-------- Exercise data --------
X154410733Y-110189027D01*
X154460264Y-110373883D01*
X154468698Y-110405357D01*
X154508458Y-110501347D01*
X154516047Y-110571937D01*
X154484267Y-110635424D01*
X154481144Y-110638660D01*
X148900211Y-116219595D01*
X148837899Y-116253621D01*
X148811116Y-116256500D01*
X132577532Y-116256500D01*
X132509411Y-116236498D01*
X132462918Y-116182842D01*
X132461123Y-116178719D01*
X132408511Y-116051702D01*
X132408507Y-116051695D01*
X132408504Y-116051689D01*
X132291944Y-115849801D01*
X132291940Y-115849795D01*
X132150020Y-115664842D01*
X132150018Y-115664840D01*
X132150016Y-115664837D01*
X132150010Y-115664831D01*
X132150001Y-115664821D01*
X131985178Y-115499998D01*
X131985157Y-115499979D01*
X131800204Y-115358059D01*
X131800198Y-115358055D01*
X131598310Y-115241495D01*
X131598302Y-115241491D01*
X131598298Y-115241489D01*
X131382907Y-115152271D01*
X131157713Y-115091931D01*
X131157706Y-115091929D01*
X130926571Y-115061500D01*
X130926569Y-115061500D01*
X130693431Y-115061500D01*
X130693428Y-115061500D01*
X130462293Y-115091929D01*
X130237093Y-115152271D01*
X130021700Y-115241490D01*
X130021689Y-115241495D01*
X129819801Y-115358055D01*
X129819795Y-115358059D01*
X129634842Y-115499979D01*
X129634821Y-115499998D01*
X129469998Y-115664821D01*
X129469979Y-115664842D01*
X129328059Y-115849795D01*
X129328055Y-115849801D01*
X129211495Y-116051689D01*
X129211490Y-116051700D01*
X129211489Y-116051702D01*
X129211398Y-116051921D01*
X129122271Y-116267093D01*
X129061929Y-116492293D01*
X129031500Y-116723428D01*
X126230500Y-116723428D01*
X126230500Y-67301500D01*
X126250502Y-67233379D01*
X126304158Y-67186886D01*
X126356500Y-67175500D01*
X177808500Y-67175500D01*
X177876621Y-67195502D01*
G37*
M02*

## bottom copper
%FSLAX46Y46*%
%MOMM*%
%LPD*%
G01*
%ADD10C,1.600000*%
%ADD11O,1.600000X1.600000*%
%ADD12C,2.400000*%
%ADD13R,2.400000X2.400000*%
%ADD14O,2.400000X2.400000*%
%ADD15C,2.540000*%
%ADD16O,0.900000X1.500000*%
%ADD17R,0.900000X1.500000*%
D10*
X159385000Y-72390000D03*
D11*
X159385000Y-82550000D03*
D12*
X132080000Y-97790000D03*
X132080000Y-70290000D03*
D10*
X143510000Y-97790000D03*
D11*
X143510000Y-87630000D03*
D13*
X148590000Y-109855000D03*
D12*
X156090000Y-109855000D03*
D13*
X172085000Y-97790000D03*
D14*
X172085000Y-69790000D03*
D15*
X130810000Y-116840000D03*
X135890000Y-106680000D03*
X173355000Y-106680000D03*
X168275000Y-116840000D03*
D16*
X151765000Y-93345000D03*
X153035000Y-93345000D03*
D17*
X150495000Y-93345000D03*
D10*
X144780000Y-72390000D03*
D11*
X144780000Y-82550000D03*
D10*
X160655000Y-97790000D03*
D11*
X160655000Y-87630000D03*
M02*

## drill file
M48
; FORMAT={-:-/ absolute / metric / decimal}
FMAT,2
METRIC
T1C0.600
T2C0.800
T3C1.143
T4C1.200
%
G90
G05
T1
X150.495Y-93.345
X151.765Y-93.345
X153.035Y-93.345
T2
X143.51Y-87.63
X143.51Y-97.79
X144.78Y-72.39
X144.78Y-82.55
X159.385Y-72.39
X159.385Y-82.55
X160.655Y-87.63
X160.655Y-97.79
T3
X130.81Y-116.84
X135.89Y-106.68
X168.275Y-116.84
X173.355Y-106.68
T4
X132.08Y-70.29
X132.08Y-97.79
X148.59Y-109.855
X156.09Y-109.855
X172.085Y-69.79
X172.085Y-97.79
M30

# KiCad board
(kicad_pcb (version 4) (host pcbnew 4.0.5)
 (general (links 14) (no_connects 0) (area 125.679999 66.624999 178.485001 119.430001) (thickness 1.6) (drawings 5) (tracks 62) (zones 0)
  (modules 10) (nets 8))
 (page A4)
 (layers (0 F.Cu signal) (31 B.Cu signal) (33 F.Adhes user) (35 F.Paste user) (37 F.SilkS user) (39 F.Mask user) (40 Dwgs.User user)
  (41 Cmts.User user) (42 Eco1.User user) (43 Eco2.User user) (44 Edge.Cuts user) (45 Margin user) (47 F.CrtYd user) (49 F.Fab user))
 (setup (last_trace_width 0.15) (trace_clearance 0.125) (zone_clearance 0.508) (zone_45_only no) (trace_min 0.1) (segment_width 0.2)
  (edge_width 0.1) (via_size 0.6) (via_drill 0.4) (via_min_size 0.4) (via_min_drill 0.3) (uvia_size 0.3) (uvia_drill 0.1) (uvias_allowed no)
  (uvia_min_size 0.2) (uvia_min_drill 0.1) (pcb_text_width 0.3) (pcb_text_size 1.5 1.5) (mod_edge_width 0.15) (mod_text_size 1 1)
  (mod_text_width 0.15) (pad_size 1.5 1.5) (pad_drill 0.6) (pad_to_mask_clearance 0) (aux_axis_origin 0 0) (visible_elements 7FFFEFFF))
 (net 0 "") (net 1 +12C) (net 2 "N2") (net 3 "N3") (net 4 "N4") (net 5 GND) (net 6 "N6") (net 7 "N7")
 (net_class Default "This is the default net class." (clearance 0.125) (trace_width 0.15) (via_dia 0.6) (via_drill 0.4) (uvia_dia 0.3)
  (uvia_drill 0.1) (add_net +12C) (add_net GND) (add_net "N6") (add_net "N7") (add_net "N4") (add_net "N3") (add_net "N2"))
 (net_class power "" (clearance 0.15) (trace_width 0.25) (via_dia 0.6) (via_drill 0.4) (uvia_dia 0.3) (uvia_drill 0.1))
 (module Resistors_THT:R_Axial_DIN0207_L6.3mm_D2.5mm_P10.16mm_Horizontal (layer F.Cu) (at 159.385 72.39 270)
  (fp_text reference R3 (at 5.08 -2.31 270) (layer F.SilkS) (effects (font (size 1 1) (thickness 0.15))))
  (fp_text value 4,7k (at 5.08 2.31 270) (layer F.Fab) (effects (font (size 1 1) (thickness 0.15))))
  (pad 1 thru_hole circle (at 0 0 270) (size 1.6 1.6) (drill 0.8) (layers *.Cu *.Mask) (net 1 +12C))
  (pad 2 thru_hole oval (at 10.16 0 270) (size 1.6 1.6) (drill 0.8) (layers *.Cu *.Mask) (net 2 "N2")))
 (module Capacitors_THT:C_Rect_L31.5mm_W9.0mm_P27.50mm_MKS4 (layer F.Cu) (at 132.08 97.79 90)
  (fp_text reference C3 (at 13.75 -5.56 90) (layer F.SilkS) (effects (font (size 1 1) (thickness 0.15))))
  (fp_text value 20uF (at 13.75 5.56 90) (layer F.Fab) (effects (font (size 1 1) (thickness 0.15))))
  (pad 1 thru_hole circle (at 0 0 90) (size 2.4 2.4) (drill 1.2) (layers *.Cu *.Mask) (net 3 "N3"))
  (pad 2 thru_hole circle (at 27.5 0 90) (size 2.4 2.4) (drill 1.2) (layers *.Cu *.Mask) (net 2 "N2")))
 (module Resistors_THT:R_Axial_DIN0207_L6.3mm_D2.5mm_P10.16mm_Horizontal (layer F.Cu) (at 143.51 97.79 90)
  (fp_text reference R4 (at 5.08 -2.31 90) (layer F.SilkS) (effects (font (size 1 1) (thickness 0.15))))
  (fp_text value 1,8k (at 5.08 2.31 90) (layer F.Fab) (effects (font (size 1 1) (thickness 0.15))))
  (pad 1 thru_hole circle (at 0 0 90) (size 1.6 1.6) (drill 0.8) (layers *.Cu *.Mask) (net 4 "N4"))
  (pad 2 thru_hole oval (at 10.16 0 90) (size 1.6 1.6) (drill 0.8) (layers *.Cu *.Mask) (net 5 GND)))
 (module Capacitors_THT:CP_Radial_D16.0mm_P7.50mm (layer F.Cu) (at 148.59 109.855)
--------
[Work task]
Everything from the line with "X132509411Y-116236498D01*" through the line with "X131598302Y-115241491D01*" in the listing above must be retyped exactly, with nothing added.

[Expected answer]
X132509411Y-116236498D01*
X132462918Y-116182842D01*
X132461123Y-116178719D01*
X132408511Y-116051702D01*
X132408507Y-116051695D01*
X132408504Y-116051689D01*
X132291944Y-115849801D01*
X132291940Y-115849795D01*
X132150020Y-115664842D01*
X132150018Y-115664840D01*
X132150016Y-115664837D01*
X132150010Y-115664831D01*
X132150001Y-115664821D01*
X131985178Y-115499998D01*
X131985157Y-115499979D01*
X131800204Y-115358059D01*
X131800198Y-115358055D01*
X131598310Y-115241495D01*
X131598302Y-115241491D01*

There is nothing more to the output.